Well, as you know less(n) truncates but restarts at the truncated position. The reason is the same as Flex to ensure high-performant scanning by just inserting a \0 at the position of the end of the pattern match. This lets yytext return a pointer to the buffer with the terminating \0. The \0 is then replaced with the character that occupied it before when the scanner continues. It is simple, efficient, and fast.

If you want to extract a lexeme that is shorter after some truncation, then just copy the part of it that you need. The most efficient way is to use std::string(matcher->begin(), matcher->size()-1) to place the lexeme in a string without the last character, for example. Or copy it to a buffer, or send it to a stream, etc.

tlemo commented 11 months ago

Well, as you know less(n) truncates but restarts at the truncated position. The reason is the same as Flex to ensure high-performant scanning by just inserting a \0 at the position of the end of the pattern match. This lets yytext return a pointer to the buffer with the terminating \0. The \0 is then replaced with the character that occupied it before when the scanner continues. It is simple, efficient, and fast.

I think that discarding characters would still fit within that model - the \0 would just be in front on the restart position. Discarding seems to me like half of less(): it would move back the end of the match w/o also changing the restart position. Am I missing anything?

If you want to extract a lexeme that is shorter after some truncation, then just copy the part of it that you need. The most efficient way is to use std::string(matcher->begin(), matcher->size()-1) to place the lexeme in a string without the last character, for example. Or copy it to a buffer, or send it to a stream, etc.

Thanks, but that still leave me with the having to either copy all lexemes or carry un-truncated lexemes around at scanner level, which is precisely what I'd like to avoid.

genivia-inc commented 11 months ago

I think that discarding characters would still fit within that model - the \0 would just be in front on the restart position.
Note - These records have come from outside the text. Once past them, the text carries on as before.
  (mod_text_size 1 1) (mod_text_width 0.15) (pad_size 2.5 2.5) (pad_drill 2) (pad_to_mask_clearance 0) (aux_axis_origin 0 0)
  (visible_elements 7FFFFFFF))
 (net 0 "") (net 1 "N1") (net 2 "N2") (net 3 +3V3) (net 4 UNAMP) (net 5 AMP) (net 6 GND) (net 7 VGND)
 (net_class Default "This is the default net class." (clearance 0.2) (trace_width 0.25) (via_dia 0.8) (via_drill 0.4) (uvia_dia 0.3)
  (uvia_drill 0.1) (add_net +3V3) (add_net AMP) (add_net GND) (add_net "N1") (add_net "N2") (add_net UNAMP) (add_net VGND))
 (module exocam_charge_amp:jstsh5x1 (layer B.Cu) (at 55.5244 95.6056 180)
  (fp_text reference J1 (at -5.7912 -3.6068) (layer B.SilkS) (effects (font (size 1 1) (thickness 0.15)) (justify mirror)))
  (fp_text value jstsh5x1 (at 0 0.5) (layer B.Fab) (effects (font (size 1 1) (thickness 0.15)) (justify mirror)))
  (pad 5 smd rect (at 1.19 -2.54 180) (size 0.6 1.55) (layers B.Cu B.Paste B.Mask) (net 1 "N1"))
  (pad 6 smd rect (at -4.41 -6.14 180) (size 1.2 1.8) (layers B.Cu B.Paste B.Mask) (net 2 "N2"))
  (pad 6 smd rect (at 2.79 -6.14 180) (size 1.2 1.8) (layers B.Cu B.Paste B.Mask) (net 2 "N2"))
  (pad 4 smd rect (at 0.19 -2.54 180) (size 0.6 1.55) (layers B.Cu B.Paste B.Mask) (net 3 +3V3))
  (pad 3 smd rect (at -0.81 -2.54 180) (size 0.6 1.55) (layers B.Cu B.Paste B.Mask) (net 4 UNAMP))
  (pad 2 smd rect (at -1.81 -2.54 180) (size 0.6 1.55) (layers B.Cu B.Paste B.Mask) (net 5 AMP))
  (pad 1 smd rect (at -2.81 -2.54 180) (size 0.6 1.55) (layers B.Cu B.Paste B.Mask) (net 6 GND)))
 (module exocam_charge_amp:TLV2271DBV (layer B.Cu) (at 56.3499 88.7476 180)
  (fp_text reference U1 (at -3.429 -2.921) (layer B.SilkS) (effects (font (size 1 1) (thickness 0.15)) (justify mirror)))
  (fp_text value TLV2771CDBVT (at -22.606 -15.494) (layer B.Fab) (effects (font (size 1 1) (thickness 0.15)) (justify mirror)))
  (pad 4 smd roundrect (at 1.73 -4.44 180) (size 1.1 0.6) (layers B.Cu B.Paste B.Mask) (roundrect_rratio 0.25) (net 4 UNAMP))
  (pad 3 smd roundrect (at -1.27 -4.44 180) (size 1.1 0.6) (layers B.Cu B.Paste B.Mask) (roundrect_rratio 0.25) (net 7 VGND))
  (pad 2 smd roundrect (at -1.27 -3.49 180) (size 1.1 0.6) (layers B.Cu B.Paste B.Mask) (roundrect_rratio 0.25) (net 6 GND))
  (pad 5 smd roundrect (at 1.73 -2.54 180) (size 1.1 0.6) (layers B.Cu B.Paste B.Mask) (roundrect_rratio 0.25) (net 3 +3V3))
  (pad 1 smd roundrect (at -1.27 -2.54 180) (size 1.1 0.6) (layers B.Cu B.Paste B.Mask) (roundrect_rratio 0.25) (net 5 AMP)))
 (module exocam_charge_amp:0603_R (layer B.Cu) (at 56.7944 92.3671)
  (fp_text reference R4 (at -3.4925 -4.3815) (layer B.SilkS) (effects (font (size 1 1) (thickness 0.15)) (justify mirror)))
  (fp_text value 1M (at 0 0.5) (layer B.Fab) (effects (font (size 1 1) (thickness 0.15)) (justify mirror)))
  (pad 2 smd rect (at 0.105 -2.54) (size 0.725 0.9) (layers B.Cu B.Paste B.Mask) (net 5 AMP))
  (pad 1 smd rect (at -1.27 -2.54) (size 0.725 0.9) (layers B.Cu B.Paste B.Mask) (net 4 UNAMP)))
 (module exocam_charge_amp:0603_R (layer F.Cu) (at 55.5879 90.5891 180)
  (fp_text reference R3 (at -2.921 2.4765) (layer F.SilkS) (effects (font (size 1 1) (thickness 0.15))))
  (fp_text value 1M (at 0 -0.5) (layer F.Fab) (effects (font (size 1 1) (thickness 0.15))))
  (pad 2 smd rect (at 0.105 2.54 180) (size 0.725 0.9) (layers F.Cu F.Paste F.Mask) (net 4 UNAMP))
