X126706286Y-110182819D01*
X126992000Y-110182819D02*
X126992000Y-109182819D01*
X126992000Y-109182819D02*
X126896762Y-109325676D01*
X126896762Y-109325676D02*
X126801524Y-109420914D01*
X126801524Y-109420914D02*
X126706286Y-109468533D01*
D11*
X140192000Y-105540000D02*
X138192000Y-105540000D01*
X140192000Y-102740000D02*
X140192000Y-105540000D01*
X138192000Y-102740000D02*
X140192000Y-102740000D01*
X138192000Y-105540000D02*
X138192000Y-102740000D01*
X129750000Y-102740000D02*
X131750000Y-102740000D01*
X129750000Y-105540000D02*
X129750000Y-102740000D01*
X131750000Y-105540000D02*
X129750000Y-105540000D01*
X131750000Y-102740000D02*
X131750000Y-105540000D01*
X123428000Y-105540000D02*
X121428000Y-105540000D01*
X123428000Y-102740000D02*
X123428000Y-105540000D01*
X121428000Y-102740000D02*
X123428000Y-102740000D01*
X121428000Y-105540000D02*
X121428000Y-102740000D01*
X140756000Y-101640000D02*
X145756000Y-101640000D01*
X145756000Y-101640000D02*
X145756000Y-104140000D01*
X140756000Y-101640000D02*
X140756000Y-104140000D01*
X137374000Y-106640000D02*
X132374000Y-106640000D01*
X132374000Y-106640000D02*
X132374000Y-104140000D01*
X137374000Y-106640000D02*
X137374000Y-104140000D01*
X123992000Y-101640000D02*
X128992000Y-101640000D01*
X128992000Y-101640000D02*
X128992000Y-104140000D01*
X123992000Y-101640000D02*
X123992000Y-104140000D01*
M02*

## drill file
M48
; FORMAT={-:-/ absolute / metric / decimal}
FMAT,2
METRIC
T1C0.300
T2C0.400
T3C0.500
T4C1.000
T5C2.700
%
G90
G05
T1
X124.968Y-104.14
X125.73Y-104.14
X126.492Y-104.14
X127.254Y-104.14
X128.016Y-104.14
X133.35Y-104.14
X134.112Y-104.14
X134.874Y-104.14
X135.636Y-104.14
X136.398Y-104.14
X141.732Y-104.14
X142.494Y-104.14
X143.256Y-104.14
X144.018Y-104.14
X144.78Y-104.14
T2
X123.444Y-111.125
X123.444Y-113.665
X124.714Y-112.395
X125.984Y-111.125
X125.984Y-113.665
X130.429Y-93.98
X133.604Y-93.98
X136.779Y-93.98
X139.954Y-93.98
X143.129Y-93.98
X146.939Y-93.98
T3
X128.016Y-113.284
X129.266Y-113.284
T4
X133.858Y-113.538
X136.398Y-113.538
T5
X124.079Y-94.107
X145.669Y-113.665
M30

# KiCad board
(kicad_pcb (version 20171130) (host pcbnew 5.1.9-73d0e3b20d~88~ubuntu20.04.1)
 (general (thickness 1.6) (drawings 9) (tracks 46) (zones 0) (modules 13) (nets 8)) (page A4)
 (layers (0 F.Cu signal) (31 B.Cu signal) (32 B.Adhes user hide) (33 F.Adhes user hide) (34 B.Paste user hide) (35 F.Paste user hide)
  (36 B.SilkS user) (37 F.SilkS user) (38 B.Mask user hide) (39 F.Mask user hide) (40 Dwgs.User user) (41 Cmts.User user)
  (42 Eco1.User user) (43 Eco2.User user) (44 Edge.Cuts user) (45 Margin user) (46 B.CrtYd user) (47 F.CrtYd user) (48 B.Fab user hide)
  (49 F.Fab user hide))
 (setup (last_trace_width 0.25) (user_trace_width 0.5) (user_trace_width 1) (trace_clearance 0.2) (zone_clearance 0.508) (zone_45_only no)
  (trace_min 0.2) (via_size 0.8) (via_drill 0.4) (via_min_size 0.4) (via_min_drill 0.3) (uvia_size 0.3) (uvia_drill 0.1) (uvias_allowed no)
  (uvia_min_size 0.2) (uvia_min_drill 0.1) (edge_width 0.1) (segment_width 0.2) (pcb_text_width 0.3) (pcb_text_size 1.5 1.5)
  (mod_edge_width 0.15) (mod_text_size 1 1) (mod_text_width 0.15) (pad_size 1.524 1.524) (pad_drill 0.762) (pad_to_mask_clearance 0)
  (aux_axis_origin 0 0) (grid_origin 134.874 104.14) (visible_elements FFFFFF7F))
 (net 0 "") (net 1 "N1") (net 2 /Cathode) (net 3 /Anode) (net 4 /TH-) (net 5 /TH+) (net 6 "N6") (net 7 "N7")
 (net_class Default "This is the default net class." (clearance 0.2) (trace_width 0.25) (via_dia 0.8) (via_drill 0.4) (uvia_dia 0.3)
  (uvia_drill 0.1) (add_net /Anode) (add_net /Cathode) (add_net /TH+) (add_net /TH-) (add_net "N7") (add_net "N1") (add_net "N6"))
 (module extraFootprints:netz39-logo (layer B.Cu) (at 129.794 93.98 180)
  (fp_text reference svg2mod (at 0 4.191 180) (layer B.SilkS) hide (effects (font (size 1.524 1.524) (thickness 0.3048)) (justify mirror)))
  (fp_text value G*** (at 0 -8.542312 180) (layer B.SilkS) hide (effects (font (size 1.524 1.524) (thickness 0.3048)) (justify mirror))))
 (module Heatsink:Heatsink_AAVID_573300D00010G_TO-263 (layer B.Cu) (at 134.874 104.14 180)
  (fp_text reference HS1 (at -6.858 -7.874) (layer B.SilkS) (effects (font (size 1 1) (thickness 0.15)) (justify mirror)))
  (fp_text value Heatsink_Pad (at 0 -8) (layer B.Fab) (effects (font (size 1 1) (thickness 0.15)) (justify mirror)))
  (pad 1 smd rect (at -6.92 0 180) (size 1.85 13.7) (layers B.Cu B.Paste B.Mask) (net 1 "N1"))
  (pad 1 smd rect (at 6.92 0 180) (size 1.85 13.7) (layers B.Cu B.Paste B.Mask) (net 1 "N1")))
Discarding seems to me like half of less(): it would move back the end of the match w/o also changing the restart position. Am I missing anything?

Some background: it is possible to store a \0 anywhere in the yytext() that points to the buffer like the old Lex suggested, but Flex changed yytext() to const char* to prevent that. And there are good reasons for that in RE/flex as well: an input buffer may be read-only, for example when scanning read-only mmap'ed files that can be tokenized with buffer(memory) to scan memory in place. This means that yytext() should never be used, but instead begin() should be used that is a pointer to the lexeme that is not \0-terminated. This is documented in the RE/flex manual and allows for efficient zero-copy scanning of mmap'ed files. Adding a lexeme truncation method only complicates things (it is not allowed in that case) with very little benefit since you can just extract the lexeme in any way you want.